The MabEase study achieved its goal of excluding major differences in efficacy and safety between rituximab SC and IV treatment arms in newly diagnosed DLBCL patients treated with R-CHOP. This has been underscored by the primary endpoint data which indicated similar efficacy of the rituximab SC and IV formulations in the overall study population. Of interest, the CR/CRu rates in this study (SC, 50.6%; IV, 42.4%) were lower compared to historical data, which may be attributed to the approximately 18% of patients discontinued study treatment before the end of cycle 8. However, among the SC and IV patients who did complete all eight cycles of induction, the CR/CRu rates were 57% and 47%, respectively. Despite the relatively lower CR rate, the overall response rate in this study was similar to observations in previous studies. In addition, similar safety profiles were observed in the SC and IV arms, no new safety signals, and a rate of treatment-related deaths that was comparable to those found in other studies. The most frequent SAE in this study was febrile neutropenia, although there was no difference between groups in rates of treatment discontinuation due to AEs or infections. Given that the MabEase study showed no major differences in efficacy and safety between treatment arms, coupled with higher RASQ scores in the rituximab SC arm, it’s rational to suggest that the results of this study support the use of rituximab SC in treatment-naïve patients with DLBCL.

Abstract

Intravenous rituximab plus chemotherapy is standard treatment for diffuse large B-cell lymphoma. A subcutaneous formulation of rituximab is expected to simplify and shorten drug preparation and administration, and to reduce treatment burden. MabEase (clinicaltrials.gov Identifier: 01649856) examined efficacy, safety and patient satisfaction with subcutaneous rituximab plus chemotherapy in treatment-naïve patients with diffuse large B-cell lymphoma.

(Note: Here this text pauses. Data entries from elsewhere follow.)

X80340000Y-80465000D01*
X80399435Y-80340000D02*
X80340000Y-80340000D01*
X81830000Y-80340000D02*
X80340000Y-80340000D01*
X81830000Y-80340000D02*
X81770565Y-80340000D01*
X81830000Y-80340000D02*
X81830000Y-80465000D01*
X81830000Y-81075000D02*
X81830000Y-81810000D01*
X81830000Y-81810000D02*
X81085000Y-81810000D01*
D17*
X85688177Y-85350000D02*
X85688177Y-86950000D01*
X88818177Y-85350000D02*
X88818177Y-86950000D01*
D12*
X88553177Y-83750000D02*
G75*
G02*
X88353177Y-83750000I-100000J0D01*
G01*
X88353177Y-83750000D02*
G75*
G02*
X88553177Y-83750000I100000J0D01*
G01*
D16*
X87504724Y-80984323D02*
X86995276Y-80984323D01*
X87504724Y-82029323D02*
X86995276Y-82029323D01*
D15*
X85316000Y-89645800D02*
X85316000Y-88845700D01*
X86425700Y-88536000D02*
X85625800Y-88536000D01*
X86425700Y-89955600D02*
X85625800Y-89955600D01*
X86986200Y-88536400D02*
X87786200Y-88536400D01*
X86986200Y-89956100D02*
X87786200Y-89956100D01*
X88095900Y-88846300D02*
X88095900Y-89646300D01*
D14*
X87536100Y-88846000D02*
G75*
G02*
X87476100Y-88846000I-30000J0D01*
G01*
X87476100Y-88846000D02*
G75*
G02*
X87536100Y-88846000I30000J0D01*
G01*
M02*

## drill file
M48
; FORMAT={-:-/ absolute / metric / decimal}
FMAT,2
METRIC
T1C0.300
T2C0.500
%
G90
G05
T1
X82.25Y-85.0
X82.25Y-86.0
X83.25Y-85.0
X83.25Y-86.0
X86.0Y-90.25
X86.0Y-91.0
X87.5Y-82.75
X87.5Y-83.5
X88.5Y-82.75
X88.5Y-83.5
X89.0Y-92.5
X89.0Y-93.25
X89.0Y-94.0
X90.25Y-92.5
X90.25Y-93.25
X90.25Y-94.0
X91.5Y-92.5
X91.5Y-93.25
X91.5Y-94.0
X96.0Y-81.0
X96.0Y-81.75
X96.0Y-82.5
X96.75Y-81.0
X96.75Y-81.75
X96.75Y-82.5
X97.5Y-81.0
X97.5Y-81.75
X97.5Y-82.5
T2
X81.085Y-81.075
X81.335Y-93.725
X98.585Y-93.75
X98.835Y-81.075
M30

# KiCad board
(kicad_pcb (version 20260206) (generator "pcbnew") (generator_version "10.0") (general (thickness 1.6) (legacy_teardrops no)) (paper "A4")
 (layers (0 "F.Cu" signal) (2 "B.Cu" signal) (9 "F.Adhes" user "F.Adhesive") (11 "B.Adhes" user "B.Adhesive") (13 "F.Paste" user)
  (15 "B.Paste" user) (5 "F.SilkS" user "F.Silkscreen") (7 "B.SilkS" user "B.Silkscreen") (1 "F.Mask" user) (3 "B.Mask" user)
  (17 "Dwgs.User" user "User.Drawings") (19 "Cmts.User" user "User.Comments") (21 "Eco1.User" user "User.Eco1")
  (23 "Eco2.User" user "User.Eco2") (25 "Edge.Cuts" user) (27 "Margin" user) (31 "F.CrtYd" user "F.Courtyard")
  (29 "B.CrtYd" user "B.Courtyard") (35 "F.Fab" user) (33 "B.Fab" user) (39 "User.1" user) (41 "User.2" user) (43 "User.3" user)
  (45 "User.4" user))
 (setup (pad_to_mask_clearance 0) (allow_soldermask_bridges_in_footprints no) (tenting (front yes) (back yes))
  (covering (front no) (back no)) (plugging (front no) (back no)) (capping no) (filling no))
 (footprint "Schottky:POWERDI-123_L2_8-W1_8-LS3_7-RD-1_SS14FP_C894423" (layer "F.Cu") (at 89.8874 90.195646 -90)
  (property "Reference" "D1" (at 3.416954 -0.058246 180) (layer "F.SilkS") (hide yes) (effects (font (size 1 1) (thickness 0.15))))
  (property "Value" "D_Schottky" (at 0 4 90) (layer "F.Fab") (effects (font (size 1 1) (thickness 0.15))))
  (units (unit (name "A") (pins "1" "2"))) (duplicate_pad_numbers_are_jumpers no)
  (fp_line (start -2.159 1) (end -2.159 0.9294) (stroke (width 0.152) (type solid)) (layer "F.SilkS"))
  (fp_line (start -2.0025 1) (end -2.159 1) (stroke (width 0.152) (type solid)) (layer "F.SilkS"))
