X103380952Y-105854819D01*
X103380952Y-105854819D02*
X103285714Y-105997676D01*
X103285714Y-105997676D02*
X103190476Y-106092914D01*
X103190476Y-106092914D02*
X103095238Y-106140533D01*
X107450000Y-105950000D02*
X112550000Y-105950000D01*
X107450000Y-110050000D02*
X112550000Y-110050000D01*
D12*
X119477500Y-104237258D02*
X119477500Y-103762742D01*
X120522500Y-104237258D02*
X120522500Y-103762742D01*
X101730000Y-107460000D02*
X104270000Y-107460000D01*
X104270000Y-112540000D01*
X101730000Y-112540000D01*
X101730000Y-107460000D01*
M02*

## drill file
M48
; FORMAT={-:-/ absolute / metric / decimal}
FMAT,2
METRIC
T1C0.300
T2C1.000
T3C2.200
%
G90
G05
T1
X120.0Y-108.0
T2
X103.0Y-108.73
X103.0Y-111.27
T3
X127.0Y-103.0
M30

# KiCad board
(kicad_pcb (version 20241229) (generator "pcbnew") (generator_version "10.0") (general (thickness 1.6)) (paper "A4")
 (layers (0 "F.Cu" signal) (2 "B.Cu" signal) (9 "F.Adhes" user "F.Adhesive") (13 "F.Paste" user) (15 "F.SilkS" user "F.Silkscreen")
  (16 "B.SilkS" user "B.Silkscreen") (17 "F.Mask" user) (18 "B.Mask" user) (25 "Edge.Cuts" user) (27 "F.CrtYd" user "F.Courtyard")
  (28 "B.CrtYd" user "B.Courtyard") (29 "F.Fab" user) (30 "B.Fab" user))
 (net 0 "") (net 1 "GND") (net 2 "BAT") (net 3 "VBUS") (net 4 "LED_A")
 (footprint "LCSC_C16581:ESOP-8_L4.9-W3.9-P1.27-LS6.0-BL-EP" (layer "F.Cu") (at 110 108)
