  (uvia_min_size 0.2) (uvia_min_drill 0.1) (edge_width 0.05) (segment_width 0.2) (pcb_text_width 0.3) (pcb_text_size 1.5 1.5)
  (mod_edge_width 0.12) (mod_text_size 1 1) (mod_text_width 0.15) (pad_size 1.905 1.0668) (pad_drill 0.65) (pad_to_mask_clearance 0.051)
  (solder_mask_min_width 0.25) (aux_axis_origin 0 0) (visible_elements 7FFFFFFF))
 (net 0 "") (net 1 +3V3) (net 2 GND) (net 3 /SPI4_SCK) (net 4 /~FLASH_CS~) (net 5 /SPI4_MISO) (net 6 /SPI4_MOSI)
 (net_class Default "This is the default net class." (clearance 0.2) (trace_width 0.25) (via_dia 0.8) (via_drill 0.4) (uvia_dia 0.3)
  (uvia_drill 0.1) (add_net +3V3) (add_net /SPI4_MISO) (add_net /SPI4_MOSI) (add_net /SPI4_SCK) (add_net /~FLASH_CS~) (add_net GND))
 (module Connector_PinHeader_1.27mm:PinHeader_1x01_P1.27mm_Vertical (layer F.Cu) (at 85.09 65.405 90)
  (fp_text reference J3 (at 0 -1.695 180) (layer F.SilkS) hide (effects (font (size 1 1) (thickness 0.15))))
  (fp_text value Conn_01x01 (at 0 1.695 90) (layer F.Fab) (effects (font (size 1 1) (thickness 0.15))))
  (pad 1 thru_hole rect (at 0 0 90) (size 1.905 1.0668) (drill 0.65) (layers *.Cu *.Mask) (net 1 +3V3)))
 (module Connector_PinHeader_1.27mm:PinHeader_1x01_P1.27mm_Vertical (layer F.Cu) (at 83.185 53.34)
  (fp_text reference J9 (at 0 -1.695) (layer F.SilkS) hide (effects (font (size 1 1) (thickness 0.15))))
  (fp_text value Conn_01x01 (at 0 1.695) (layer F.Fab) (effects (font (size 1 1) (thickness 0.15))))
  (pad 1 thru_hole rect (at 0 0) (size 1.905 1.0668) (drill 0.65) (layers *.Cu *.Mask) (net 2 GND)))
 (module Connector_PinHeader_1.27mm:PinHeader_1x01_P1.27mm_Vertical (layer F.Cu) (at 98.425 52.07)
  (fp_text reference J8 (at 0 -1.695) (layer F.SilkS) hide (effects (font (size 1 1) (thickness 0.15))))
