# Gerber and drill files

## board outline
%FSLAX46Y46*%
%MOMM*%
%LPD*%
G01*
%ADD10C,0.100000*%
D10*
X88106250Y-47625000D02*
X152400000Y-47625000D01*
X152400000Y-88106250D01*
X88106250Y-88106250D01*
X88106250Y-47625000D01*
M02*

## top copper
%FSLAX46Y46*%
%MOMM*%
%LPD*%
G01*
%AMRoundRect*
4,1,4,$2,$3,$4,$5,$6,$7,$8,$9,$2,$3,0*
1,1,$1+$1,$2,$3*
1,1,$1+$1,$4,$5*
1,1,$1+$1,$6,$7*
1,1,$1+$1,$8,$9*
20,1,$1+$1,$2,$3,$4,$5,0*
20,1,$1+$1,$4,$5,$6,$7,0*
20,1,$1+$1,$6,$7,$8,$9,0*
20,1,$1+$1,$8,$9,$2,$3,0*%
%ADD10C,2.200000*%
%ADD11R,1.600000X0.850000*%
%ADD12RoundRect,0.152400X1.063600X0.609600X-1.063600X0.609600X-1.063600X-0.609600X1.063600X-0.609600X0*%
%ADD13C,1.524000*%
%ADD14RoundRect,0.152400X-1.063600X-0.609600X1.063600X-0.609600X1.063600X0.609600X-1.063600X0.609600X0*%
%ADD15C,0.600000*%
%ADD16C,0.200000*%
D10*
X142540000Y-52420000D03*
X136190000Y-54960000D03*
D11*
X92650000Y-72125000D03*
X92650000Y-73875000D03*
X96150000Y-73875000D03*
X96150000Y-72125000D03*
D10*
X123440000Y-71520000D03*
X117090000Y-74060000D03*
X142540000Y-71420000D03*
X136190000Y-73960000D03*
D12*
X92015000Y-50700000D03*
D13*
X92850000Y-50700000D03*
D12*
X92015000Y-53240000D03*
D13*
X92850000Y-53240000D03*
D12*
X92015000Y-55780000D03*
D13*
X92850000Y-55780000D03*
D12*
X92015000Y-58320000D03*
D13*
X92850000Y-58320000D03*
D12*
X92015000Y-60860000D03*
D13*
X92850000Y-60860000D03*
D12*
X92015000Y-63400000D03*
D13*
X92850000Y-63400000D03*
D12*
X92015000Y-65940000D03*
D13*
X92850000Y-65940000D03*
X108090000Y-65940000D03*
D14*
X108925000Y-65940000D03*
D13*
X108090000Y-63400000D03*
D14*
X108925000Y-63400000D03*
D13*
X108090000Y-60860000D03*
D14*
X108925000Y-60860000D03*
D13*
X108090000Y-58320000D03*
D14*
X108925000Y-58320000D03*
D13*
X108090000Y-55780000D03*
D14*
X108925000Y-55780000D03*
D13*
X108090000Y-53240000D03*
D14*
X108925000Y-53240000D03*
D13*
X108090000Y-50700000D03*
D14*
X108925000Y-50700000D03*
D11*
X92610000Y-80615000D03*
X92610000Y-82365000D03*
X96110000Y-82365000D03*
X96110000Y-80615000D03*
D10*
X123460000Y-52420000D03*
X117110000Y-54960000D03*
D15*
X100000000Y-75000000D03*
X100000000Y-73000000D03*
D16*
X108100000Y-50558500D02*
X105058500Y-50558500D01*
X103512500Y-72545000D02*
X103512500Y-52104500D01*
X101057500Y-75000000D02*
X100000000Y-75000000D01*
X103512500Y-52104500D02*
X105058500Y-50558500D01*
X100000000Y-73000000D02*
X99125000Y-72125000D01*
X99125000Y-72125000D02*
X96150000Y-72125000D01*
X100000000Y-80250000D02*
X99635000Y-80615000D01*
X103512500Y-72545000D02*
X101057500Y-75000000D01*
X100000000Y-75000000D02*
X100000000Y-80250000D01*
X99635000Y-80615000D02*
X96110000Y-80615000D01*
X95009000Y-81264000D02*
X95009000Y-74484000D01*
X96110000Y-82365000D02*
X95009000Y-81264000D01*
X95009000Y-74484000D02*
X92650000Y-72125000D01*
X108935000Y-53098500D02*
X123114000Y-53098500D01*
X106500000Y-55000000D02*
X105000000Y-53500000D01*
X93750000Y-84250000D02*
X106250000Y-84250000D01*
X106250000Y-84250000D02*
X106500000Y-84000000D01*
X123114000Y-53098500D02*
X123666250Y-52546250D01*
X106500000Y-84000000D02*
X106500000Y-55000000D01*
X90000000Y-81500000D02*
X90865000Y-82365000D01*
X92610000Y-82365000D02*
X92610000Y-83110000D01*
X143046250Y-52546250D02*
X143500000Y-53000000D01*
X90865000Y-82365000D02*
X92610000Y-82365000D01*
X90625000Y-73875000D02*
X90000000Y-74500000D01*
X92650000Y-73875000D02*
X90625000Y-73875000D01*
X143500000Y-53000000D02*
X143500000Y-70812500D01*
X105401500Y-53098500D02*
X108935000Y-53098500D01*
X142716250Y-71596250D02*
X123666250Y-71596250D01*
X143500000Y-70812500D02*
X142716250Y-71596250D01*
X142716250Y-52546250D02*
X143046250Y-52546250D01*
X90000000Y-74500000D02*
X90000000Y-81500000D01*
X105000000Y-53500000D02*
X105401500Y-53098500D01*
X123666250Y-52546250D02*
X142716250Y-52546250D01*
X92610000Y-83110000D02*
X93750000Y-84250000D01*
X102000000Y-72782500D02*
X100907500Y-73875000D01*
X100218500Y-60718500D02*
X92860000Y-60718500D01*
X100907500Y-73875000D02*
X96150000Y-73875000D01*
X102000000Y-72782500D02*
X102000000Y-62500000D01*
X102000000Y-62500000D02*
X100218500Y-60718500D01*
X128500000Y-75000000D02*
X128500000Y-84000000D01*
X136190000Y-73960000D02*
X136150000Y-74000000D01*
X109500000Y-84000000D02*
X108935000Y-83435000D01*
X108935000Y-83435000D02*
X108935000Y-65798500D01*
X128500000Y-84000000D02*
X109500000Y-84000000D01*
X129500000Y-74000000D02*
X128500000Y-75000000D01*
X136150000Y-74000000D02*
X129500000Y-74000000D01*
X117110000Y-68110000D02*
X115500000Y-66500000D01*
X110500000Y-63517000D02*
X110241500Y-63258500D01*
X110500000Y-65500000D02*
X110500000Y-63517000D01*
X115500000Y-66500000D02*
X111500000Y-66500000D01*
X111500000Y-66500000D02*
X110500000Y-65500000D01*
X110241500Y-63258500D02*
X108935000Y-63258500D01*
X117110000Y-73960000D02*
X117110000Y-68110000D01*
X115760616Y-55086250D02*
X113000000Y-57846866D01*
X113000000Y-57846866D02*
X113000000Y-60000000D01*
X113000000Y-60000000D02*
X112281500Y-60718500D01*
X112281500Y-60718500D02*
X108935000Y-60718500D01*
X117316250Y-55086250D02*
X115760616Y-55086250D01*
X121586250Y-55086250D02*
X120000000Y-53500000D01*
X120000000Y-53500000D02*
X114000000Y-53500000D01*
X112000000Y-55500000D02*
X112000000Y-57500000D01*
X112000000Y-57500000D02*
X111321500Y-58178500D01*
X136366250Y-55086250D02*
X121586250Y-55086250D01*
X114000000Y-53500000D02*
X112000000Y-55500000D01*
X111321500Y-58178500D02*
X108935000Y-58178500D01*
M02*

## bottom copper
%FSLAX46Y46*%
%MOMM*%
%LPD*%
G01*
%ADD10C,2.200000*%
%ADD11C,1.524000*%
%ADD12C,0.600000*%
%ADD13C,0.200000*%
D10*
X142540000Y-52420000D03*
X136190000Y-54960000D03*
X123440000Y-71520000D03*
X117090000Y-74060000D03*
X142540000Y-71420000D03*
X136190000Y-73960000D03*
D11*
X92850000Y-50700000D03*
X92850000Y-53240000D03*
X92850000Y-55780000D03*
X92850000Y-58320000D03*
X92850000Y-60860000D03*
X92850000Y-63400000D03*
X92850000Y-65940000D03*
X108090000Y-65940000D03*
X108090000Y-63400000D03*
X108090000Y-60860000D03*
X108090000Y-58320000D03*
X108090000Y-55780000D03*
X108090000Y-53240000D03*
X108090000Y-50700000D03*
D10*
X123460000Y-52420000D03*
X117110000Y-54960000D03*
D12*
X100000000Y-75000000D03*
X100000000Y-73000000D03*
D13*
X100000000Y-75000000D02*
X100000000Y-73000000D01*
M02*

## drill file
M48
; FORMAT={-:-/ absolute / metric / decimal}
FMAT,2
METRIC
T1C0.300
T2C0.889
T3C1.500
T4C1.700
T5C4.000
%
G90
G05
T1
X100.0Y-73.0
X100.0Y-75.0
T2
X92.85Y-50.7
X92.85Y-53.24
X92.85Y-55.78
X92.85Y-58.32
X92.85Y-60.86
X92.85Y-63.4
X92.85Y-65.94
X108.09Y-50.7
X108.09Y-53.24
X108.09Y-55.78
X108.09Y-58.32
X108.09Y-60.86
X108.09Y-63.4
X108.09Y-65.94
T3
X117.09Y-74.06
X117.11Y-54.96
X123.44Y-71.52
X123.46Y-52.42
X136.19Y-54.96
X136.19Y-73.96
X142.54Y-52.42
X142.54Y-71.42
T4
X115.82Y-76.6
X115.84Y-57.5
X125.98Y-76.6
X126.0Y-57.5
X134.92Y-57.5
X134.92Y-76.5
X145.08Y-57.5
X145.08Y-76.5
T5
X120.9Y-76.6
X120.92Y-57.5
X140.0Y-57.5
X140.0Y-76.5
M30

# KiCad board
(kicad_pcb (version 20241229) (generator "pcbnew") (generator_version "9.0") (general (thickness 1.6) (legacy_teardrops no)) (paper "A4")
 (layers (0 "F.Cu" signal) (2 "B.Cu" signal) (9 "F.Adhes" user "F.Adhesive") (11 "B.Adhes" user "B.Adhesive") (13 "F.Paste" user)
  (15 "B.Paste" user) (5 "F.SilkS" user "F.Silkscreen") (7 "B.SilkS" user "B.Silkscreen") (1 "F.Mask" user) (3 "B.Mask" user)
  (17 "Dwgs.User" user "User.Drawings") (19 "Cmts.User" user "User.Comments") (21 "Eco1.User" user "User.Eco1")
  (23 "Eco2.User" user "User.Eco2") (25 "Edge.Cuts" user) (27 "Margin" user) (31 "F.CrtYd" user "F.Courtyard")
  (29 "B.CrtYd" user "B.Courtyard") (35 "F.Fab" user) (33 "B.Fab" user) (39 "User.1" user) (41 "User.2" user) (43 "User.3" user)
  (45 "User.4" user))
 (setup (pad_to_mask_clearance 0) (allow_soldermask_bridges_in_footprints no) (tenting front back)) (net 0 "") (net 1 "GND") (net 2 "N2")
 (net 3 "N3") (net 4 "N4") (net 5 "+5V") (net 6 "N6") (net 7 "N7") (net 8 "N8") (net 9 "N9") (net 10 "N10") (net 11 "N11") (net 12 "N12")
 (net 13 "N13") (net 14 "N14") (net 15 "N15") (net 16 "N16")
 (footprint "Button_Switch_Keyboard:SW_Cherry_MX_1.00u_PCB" (layer "F.Cu") (at 142.54 52.42)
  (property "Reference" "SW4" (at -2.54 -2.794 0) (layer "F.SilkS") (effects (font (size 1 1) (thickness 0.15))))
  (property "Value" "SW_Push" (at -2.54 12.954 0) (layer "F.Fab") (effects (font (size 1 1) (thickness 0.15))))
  (pad "" np_thru_hole circle (at -7.62 5.08) (size 1.7 1.7) (drill 1.7) (layers "*.Cu" "*.Mask"))
  (pad "" np_thru_hole circle (at -2.54 5.08) (size 4 4) (drill 4) (layers "*.Cu" "*.Mask"))
  (pad "" np_thru_hole circle (at 2.54 5.08) (size 1.7 1.7) (drill 1.7) (layers "*.Cu" "*.Mask"))
  (pad "1" thru_hole circle (at 0 0) (size 2.2 2.2) (drill 1.5) (layers "*.Cu" "*.Mask") (remove_unused_layers no) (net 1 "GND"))
  (pad "2" thru_hole circle (at -6.35 2.54) (size 2.2 2.2) (drill 1.5) (layers "*.Cu" "*.Mask") (remove_unused_layers no) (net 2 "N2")))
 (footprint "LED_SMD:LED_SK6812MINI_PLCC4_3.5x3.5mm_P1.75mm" (layer "F.Cu") (at 94.4 73)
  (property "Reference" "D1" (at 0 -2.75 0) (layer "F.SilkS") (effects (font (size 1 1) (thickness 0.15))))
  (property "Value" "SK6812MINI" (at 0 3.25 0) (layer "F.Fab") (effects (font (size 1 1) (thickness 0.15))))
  (pad "1" smd rect (at -1.75 -0.875) (size 1.6 0.85) (layers "F.Cu" "F.Mask" "F.Paste") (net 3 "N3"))
  (pad "2" smd rect (at -1.75 0.875) (size 1.6 0.85) (layers "F.Cu" "F.Mask" "F.Paste") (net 1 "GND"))
  (pad "3" smd rect (at 1.75 0.875) (size 1.6 0.85) (layers "F.Cu" "F.Mask" "F.Paste") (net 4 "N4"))
  (pad "4" smd rect (at 1.75 -0.875) (size 1.6 0.85) (layers "F.Cu" "F.Mask" "F.Paste") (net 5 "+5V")))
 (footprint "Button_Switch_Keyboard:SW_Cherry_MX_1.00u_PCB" (layer "F.Cu") (at 123.44 71.52)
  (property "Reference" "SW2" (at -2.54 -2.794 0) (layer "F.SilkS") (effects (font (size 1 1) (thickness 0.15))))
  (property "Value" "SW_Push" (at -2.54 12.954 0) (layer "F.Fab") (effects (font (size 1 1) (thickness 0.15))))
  (pad "" np_thru_hole circle (at -7.62 5.08) (size 1.7 1.7) (drill 1.7) (layers "*.Cu" "*.Mask"))
  (pad "" np_thru_hole circle (at -2.54 5.08) (size 4 4) (drill 4) (layers "*.Cu" "*.Mask"))
  (pad "" np_thru_hole circle (at 2.54 5.08) (size 1.7 1.7) (drill 1.7) (layers "*.Cu" "*.Mask"))
  (pad "1" thru_hole circle (at 0 0) (size 2.2 2.2) (drill 1.5) (layers "*.Cu" "*.Mask") (remove_unused_layers no) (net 1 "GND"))
  (pad "2" thru_hole circle (at -6.35 2.54) (size 2.2 2.2) (drill 1.5) (layers "*.Cu" "*.Mask") (remove_unused_layers no) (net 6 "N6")))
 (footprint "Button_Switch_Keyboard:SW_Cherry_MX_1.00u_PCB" (layer "F.Cu") (at 142.54 71.42)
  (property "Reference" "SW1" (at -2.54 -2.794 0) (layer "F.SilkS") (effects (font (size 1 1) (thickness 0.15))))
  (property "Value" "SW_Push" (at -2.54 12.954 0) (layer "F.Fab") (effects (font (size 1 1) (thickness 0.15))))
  (pad "" np_thru_hole circle (at -7.62 5.08) (size 1.7 1.7) (drill 1.7) (layers "*.Cu" "*.Mask"))
  (pad "" np_thru_hole circle (at -2.54 5.08) (size 4 4) (drill 4) (layers "*.Cu" "*.Mask"))
  (pad "" np_thru_hole circle (at 2.54 5.08) (size 1.7 1.7) (drill 1.7) (layers "*.Cu" "*.Mask"))
  (pad "1" thru_hole circle (at 0 0) (size 2.2 2.2) (drill 1.5) (layers "*.Cu" "*.Mask") (remove_unused_layers no) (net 1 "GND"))
  (pad "2" thru_hole circle (at -6.35 2.54) (size 2.2 2.2) (drill 1.5) (layers "*.Cu" "*.Mask") (remove_unused_layers no) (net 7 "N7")))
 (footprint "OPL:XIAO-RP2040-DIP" (layer "F.Cu") (at 100.47 58.32)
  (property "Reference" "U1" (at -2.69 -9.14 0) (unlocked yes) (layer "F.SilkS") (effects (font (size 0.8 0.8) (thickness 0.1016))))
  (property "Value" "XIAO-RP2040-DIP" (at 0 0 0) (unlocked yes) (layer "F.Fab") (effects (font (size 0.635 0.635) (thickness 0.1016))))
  (pad "1" smd roundrect (at -8.455 -7.62 180) (size 2.432 1.524) (layers "F.Cu" "F.Mask") (roundrect_rratio 0.1) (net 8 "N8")
   (thermal_bridge_angle 45))
  (pad "1" thru_hole circle (at -7.62 -7.62 180) (size 1.524 1.524) (drill 0.889) (layers "*.Cu" "*.Mask") (remove_unused_layers no)
   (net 8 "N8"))
  (pad "2" smd roundrect (at -8.455 -5.08 180) (size 2.432 1.524) (layers "F.Cu" "F.Mask") (roundrect_rratio 0.1) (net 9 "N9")
   (thermal_bridge_angle 45))
  (pad "2" thru_hole circle (at -7.62 -5.08 180) (size 1.524 1.524) (drill 0.889) (layers "*.Cu" "*.Mask") (remove_unused_layers no)
   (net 9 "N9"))
  (pad "3" smd roundrect (at -8.455 -2.54 180) (size 2.432 1.524) (layers "F.Cu" "F.Mask") (roundrect_rratio 0.1) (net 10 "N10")
   (thermal_bridge_angle 45))
  (pad "3" thru_hole circle (at -7.62 -2.54 180) (size 1.524 1.524) (drill 0.889) (layers "*.Cu" "*.Mask") (remove_unused_layers no)
   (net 10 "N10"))
  (pad "4" smd roundrect (at -8.455 0 180) (size 2.432 1.524) (layers "F.Cu" "F.Mask") (roundrect_rratio 0.1) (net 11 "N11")
   (thermal_bridge_angle 45))
  (pad "4" thru_hole circle (at -7.62 0 180) (size 1.524 1.524) (drill 0.889) (layers "*.Cu" "*.Mask") (remove_unused_layers no)
   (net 11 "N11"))
  (pad "5" smd roundrect (at -8.455 2.54 180) (size 2.432 1.524) (layers "F.Cu" "F.Mask") (roundrect_rratio 0.1) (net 4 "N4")
   (thermal_bridge_angle 45))
  (pad "5" thru_hole circle (at -7.62 2.54 180) (size 1.524 1.524) (drill 0.889) (layers "*.Cu" "*.Mask") (remove_unused_layers no)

Patients were randomized 2:1 to subcutaneous rituximab (intravenous 375 mg/m cycle 1; subcutaneous 1,400 mg cycles 2–8) or intravenous rituximab (375 mg/m cycles 1–8) plus cyclophosphamide, doxorubicin, vincristine, and prednisone every 14 or 21 days. The primary endpoint was investigator-assessed complete response/unconfirmed complete response. Secondary endpoints included safety, treatment satisfaction (Cancer Treatment Satisfaction Questionnaire and Rituximab Administration Satisfaction Questionnaire), time savings, and survival. Of 576 randomized patients, 572 (378 subcutaneous; 194 intravenous) received treatment. End of induction complete response/unconfirmed complete response rates were 50.6% (subcutaneous) and 42.4% (intravenous). After a median 35 months, median overall, event-free and progression-free survivals were not reached. Grade ≥3 adverse events (subcutaneous 58.3%; intravenous 54.3%) and administration-related adverse events (both groups 21%) were similar between arms. Injection-site reactions were more common with subcutaneous injections (5.7% versus 0%, respectively). Rituximab Administration Satisfaction Questionnaire scores for ‘impact on activities of daily living’, ‘convenience’, and ‘satisfaction’ were improved with subcutaneous versus intravenous injections; Cancer Therapy Satisfaction Questionnaire scores were similar between arms. Median administration time (6 minutes vs. 2.6 to 3.0 hours), chair/bed and overall hospital times were shorter with subcutaneous versus intravenous rituximab. Overall, subcutaneous and intravenous rituximab had similar efficacy and safety, with improved patient satisfaction and time savings.